Dissertation Defense Schedule
Sharing original dissertation research is a principle to which the University of Delaware is deeply committed. It is the single most important assignment our graduate students undertake and upon completion is met with great pride.
We invite you to celebrate this milestone by attending their dissertation defense. Please review the upcoming dissertation defense schedule below and join us!
PROGRAM | Financial Services Analytics
Abstractive Text Summarization via Contextual Semantics Understanding
Automatic text summarization is the task of generating a precise text snippet to capture the most relevant and critical information from an input document. It is one of the central problems, commonly seen as a critical component in many Natural Language Processing (NLP) tasks. Text summarization is challenging because it often involves both text understanding and generation. Researchers have been putting tremendous efforts to develop various models, primarily falling into two categories: extractive summarization and abstractive summarization. The former selects a subset of sentences from the input document as the summary, and the latter relies on natural language generation techniques to generate an abstract representation. This dissertation focuses on abstractive summarization. We combine the insights from literature and the key advantages of Transformer architecture to address two key challenges in abstractive summarization.

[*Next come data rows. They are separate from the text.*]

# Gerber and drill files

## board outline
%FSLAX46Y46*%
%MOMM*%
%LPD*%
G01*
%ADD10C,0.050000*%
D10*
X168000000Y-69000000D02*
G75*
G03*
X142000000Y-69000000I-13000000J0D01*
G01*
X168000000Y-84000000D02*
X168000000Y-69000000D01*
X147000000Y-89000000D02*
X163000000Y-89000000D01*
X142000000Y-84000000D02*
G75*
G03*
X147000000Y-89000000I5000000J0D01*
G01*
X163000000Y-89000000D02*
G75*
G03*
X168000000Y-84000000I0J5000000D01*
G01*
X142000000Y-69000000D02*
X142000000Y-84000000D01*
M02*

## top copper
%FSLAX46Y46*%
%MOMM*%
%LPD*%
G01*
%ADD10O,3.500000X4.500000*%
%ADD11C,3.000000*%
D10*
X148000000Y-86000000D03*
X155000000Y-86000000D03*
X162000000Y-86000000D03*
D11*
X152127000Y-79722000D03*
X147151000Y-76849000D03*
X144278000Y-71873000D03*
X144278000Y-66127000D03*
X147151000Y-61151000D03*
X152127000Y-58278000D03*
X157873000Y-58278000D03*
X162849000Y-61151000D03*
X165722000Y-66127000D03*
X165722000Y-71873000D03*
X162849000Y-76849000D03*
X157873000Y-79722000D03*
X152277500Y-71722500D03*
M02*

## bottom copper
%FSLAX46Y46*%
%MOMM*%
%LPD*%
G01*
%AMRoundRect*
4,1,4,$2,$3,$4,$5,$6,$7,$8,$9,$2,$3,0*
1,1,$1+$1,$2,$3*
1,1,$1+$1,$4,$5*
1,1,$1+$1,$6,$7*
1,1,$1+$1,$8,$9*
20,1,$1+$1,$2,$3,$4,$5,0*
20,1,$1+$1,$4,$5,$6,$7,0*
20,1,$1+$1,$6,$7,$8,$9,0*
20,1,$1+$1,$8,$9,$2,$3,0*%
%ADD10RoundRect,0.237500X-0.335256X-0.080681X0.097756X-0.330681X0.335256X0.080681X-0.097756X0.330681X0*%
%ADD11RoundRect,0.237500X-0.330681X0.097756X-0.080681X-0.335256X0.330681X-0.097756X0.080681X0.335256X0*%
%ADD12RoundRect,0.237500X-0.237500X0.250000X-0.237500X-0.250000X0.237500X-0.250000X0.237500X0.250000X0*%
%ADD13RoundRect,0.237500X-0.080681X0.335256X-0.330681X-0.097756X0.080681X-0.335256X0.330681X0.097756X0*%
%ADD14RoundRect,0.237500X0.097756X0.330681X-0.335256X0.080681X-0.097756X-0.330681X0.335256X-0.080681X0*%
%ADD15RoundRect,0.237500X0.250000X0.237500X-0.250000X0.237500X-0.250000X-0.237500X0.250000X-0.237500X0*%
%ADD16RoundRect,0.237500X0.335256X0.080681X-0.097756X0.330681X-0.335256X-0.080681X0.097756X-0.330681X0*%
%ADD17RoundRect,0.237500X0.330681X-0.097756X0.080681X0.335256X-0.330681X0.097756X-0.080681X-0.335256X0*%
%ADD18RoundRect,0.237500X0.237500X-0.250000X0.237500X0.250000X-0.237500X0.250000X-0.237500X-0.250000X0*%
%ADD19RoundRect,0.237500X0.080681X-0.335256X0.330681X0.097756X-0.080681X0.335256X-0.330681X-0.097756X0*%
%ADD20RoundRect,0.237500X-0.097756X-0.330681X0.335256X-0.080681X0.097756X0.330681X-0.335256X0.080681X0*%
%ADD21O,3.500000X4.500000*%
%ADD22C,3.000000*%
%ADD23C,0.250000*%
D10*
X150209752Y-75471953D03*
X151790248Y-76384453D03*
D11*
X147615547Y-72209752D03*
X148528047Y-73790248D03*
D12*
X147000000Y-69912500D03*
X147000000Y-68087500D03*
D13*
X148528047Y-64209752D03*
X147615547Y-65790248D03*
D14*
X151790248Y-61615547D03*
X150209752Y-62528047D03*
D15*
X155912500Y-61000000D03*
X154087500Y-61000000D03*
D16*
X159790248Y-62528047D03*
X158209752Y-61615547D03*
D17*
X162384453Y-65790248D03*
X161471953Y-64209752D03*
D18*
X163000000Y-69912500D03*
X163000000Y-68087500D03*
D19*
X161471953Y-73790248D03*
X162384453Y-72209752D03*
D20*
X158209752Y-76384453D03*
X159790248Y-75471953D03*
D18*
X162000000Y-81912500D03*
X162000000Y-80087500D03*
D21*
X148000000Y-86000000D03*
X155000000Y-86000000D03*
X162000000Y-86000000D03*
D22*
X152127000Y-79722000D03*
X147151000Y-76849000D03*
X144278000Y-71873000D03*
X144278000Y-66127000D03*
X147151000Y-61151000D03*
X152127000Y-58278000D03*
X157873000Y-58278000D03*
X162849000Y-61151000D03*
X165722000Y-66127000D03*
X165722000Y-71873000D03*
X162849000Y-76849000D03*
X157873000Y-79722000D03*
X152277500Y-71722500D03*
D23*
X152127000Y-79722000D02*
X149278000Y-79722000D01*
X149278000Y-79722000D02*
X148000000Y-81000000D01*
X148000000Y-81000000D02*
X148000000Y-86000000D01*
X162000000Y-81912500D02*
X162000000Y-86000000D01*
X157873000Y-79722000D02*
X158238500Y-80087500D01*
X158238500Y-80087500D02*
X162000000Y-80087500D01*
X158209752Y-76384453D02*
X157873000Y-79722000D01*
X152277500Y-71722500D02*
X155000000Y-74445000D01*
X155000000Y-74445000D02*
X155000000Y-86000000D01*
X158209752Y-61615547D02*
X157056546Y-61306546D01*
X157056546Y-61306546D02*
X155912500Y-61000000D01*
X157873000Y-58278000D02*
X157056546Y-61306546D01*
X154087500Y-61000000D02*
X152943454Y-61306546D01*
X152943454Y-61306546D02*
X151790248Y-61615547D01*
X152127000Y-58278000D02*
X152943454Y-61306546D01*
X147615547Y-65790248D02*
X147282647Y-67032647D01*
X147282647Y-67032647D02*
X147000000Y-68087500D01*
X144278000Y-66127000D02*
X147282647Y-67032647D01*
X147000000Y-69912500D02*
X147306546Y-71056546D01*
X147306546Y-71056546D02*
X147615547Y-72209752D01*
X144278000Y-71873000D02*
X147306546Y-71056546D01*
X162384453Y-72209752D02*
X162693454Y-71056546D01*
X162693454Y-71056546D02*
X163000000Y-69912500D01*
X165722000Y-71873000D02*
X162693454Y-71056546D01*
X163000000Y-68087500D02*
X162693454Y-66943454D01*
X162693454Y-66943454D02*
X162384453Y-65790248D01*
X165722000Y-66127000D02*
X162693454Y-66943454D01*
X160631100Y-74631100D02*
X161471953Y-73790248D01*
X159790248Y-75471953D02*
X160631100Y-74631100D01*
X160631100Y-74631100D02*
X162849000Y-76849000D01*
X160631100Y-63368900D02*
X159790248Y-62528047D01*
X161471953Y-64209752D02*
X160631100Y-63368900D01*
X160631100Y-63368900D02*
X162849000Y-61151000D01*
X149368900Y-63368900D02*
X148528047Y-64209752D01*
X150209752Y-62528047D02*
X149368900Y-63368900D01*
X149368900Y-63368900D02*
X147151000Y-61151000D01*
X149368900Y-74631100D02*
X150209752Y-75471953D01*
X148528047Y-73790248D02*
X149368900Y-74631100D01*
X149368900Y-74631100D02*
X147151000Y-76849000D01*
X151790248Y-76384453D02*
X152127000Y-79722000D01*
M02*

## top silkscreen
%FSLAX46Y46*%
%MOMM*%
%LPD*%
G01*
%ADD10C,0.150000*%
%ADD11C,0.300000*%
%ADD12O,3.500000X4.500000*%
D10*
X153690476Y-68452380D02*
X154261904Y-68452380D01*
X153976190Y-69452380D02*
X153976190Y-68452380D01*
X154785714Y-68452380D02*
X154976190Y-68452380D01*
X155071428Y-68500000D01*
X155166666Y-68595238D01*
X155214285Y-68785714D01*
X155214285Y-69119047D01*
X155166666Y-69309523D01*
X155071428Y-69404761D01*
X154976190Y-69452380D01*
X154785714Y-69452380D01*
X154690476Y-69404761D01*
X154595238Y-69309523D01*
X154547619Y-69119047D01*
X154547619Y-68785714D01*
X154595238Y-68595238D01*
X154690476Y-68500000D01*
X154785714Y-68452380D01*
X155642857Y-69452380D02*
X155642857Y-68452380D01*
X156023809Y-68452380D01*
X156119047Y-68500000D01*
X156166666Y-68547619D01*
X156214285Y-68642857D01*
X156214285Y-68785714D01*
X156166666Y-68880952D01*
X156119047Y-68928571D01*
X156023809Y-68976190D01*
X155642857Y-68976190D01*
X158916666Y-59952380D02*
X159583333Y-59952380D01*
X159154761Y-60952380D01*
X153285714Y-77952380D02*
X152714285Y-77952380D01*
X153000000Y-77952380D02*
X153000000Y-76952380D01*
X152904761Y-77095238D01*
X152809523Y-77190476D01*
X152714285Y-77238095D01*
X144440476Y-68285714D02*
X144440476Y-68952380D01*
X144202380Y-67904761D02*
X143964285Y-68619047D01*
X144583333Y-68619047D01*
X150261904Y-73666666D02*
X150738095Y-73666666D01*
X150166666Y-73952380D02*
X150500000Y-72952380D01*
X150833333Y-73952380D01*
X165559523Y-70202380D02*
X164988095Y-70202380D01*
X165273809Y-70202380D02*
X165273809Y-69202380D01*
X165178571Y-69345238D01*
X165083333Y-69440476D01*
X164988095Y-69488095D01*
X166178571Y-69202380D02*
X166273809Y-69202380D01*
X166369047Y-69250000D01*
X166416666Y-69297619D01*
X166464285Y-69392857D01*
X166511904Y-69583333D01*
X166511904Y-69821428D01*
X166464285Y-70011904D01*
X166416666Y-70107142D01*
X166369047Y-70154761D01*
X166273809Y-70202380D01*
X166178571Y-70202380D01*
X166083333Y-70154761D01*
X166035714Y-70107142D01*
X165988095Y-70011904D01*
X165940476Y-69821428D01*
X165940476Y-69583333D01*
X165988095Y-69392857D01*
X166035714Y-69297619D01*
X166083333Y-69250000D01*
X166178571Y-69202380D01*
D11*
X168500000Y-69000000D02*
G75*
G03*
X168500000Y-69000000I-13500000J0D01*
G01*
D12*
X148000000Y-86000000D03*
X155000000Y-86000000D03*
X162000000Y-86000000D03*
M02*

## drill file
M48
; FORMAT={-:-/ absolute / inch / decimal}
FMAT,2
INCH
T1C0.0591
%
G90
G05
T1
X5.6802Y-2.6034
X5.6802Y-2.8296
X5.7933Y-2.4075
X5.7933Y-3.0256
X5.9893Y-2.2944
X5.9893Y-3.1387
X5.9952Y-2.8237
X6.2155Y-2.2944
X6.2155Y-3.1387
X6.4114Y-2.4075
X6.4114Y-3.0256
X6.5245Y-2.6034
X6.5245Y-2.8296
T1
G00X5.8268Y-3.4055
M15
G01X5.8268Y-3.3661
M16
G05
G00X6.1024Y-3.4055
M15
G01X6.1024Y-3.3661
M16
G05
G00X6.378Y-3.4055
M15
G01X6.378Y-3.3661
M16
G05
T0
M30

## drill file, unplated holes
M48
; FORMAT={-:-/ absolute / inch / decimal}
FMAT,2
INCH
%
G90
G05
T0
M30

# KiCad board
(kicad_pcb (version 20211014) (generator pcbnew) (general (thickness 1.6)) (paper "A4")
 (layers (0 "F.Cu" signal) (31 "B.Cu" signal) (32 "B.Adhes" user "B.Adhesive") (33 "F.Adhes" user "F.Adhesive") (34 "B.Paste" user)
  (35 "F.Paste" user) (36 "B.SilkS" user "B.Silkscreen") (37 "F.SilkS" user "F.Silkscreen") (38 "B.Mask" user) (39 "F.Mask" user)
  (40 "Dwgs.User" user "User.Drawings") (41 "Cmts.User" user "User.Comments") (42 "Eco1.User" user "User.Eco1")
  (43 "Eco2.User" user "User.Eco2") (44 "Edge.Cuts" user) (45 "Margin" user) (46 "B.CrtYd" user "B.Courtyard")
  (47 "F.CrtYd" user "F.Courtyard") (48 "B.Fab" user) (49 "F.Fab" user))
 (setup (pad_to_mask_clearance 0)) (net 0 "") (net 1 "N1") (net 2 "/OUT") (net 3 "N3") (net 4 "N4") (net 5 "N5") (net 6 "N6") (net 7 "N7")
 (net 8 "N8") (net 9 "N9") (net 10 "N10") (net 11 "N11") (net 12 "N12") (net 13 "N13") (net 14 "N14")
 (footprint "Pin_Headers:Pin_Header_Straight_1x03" (layer "F.Cu") (at 155 86 90)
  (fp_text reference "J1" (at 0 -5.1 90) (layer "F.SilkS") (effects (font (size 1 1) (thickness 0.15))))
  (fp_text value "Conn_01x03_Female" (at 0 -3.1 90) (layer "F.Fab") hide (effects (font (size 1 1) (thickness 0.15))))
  (pad "1" thru_hole oval locked (at 0 -7 90) (size 4.5 3.5) (drill oval 2.5 1.5) (layers *.Cu *.Mask "F.SilkS") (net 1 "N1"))
  (pad "2" thru_hole oval locked (at 0 0 90) (size 4.5 3.5) (drill oval 2.5 1.5) (layers *.Cu *.Mask "F.SilkS") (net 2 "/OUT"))
  (pad "3" thru_hole oval locked (at 0 7 90) (size 4.5 3.5) (drill oval 2.5 1.5) (layers *.Cu *.Mask "F.SilkS") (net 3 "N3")))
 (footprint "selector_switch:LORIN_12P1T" (layer "F.Cu") (at 155 69)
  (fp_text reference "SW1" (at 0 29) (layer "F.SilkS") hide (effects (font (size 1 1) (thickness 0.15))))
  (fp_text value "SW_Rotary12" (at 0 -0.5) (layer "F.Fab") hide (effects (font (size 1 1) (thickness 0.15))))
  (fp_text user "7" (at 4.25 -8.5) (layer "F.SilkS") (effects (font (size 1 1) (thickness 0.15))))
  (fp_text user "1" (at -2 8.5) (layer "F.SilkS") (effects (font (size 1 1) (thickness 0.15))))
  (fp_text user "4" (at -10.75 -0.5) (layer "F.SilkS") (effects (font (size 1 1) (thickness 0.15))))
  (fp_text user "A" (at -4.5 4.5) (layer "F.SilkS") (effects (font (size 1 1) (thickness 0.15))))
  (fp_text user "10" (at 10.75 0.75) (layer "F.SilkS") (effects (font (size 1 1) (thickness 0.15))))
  (fp_circle (center 0 0) (end 13.5 0) (layer "F.SilkS") (width 0.3) (fill none))
  (pad "1" thru_hole circle locked (at -2.873 10.722 270) (size 3 3) (drill 1.5) (layers *.Cu *.Mask) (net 1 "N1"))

The first part of this dissertation is devoted to better capturing the input document’s global semantics for summarization. Transformer-based architecture is proven to be better at exploring the relationships among local tokens, but the semantic understanding at a higher level (e.g., sentences, topics) is usually under-explored. To address this challenge, this dissertation presents a novel framework that uses topics to guide language generation. Using latent topics, our model can preserve the global semantics and guide the generation of summaries, thereby improving the performance. This dissertation presents a joint learning framework to incorporate neural topic modeling into the seq2seq model. Our approach outperforms previous state-of-the-art models in both quantitative and human evaluation.
The second part of this dissertation focuses on improving the denoising ability of a seq2seq model through fine-tuning. Deep neural networks are often brittle, especially when deployed in real-world systems since they are not robust to inevitable noises in data. This dissertation presents a framework for the seq2seq model to enhance its denoising ability. We incorporate self-supervised contrastive learning along with various sentence-level document augmentation. Experimental results show that our proposed model achieves state-of-the-art performance and is more robust to noises.
The last part of this dissertation introduces our participation in podcast summarization. As a new field of research, podcast summarization is challenging because the podcasts are usually conversational and colloquial. This dissertation proposes a framework for podcast summarization: we first present a baseline analysis to understand the unique challenges from the podcast and then introduce a two-stage generation pipeline. We first locate the most relevant content from the noisy transcript and then generate the summary based on the selected sentences. Evaluating by professional assessors, the generated summaries from our proposed approach successfully capture the key information and the main topics in the episode.
To summarize, this dissertation formulates a suite of Transformer-based seq2seq solutions to improve abstractive summarization. It presents a new framework to overcome the limitations of existing abstractive summarization models. The effectiveness of the proposed methods has been demonstrated on different datasets using highly competitive benchmarks. It also provides impactful research findings in abstractive summarization and language generation.